The case should have belonged to someone with more rank, more money, or at least better shoes. Instead, it landed on Rowan's desk with a coffee stain over the signature and a deadline that looked deliberately impossible. Nora arrived as rain scratched the windows, carrying a torn receipt and the kind of expression that made even allies step back before asking questions.

"You saw this coming," Nora said. It was not an accusation yet, but it had the shape of one. Rowan looked past the question toward the east stairwell, where two staff members were pretending not to watch them. The useful thing about fear was that it made people careless. The terrible thing was that it made honest people look guilty.

They followed the small details first: the elevator that skipped a floor, the invoice stamped before the office opened, the polite message sent from a phone that had been confiscated. Each clue by itself was ridiculous. Together, they drew a map through undefined. Rowan hated how neatly the lines pointed toward a court banker.

By noon, the building had chosen sides. Friends became busy. Rivals became generous. A clerk who had smiled yesterday would not meet Rowan's eyes today. The shift was too coordinated to be natural, and that meant the enemy was no longer testing them from a distance. The enemy had started making room for a public fall.

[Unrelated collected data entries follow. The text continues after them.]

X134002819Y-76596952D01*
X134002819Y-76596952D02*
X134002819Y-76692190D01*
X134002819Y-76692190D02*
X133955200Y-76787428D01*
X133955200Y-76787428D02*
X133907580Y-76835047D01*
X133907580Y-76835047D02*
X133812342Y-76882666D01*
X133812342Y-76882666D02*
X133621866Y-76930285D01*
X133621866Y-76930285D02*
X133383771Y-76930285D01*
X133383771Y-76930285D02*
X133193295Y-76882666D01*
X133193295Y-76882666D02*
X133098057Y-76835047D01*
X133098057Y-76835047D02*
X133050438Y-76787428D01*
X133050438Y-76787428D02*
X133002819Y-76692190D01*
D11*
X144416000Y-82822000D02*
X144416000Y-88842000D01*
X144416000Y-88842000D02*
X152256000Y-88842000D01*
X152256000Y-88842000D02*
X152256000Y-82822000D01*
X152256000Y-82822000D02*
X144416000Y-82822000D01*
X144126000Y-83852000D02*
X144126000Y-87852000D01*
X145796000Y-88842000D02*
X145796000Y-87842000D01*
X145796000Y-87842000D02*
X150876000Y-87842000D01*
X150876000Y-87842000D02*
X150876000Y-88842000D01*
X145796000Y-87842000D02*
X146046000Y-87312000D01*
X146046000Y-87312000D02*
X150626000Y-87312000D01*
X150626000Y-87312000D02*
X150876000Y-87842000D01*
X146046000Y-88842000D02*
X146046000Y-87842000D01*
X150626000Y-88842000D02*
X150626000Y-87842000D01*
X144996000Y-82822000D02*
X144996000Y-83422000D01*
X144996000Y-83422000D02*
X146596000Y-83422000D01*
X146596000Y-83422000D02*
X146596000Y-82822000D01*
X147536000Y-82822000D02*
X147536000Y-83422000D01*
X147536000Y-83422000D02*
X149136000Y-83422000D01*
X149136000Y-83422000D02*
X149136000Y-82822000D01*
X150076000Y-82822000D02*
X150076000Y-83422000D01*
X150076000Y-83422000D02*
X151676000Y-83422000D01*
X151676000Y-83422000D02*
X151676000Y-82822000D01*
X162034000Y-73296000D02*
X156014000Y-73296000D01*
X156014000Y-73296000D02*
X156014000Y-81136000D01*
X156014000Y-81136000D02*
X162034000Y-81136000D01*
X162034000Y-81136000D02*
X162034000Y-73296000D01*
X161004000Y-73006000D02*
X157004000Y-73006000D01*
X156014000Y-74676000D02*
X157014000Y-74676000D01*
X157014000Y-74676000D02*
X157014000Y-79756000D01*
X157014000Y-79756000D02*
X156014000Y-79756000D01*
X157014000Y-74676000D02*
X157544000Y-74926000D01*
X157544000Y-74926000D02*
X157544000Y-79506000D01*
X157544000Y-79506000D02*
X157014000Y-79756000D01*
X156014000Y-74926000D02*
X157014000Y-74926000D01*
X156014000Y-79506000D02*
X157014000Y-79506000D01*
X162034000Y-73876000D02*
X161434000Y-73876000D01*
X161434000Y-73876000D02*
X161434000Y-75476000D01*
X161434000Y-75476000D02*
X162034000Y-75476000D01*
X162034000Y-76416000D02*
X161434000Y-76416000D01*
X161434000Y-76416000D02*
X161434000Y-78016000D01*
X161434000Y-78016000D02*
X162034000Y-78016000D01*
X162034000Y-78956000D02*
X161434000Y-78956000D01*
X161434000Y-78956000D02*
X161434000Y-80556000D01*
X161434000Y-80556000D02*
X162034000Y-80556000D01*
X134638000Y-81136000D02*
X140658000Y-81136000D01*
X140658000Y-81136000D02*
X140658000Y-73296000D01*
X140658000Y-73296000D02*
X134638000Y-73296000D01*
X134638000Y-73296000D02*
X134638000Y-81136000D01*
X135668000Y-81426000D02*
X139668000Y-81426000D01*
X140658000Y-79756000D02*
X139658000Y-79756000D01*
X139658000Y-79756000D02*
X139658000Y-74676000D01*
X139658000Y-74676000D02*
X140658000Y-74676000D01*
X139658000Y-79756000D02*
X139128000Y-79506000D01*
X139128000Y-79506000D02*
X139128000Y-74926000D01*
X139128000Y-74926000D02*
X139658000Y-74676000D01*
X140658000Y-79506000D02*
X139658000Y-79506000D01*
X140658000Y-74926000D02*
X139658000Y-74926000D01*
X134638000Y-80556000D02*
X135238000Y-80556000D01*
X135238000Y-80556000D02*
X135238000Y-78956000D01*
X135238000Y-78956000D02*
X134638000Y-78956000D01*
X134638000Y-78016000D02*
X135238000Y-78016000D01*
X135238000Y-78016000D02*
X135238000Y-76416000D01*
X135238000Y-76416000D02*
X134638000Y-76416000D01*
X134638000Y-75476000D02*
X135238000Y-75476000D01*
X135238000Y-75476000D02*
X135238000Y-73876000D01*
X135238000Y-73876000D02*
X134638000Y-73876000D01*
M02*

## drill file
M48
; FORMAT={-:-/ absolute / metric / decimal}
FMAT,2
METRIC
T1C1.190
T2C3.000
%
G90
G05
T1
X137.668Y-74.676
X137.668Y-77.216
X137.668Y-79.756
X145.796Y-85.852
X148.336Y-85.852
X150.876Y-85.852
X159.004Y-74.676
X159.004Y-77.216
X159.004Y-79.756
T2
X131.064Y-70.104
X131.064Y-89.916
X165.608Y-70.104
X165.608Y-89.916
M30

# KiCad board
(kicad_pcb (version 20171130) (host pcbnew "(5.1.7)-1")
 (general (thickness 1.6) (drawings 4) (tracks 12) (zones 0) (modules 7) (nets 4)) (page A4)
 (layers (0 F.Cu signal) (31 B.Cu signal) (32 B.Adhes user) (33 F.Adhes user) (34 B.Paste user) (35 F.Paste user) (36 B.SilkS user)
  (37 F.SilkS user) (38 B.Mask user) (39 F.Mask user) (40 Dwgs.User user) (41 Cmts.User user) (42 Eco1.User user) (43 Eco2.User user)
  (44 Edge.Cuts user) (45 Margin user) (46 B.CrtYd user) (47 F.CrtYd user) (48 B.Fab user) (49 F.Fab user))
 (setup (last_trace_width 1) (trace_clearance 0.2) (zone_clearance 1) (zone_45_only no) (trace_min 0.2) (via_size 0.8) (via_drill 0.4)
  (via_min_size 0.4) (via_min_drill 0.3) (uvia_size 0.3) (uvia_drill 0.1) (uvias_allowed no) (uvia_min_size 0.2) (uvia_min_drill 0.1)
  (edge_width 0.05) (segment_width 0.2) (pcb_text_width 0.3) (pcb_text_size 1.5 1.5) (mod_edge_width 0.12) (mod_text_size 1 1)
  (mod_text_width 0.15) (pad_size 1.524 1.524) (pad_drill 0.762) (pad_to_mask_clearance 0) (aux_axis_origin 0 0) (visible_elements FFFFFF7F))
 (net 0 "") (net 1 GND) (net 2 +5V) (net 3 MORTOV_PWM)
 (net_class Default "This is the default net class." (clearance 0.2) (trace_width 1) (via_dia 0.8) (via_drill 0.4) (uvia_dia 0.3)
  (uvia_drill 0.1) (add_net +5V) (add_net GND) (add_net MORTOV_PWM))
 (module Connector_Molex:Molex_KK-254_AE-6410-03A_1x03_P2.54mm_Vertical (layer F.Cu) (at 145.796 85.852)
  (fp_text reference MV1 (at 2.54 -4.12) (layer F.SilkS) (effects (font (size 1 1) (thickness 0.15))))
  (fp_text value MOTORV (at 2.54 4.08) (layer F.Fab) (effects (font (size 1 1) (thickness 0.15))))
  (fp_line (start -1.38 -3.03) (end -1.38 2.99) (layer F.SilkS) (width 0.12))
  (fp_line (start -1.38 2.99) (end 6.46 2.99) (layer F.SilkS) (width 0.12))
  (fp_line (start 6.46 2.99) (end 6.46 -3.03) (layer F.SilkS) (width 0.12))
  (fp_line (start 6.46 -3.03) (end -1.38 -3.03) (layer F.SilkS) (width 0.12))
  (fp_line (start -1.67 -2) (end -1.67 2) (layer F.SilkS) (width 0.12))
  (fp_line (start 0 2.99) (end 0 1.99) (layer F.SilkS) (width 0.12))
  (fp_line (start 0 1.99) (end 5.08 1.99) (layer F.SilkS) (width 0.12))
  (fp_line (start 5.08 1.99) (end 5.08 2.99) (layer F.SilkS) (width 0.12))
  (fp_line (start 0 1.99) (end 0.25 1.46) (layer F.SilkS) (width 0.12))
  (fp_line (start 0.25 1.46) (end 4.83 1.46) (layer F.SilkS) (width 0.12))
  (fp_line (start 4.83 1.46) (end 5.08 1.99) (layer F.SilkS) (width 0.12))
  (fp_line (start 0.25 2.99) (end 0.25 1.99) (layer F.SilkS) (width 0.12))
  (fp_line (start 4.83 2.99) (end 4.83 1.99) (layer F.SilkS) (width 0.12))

Nora wanted to move fast. Rowan wanted to move correctly. The argument between them was sharp enough to sound like betrayal to anyone listening through the door. That was partly why Rowan let it continue. People revealed more when they thought a partnership was cracking, and by the time the shouting stopped, three watchers had leaned close enough to be remembered.

The first confrontation happened in the east stairwell. a court banker did not raise a voice. People with real power rarely wasted volume. They offered sympathy, then a warning, then a choice designed to look merciful from the outside. Rowan listened until the offer became a confession by accident. A single careless phrase told them which file mattered most.

For one bright minute, it seemed they had won. Rowan recovered the missing record, Nora forced a witness to speak, and the room that had been closing around them opened just wide enough for air. Then the witness looked at the recovered page and went pale. "This is not the original," the witness whispered. "This is the version they wanted you to find."

The false record changed everything. It meant the leak was closer than expected. It meant the enemy understood Rowan's methods. Worst of all, it meant the rescue, the argument, and even the apparent mistake had been part of a larger hand moving pieces across the board. Rowan felt anger arrive cold and useful, the kind that did not burn out quickly.

That evening, Rowan and Nora returned to Ravenmere through an entrance nobody used unless they wanted to avoid cameras. The lights inside were off, but the lock was warm from recent use. Somewhere above them, a phone vibrated once, stopped, then vibrated again. The message on the screen contained only four words: We know chapter 89.

They should have left then. Instead, Rowan opened the door, because retreat had become another name for letting someone else write the ending. Inside waited a torn receipt, placed carefully beneath a lamp that had not been there an hour ago. Beside it sat a second object that made Nora stop breathing for half a second.

The object connected phase 9 of the fight to something older than the current scandal. the first victory was arranged to expose them. Rowan understood the next move just before the hallway lights snapped on behind them. Footsteps filled the corridor, too many to belong to security, and someone on the other side of the door began to clap slowly.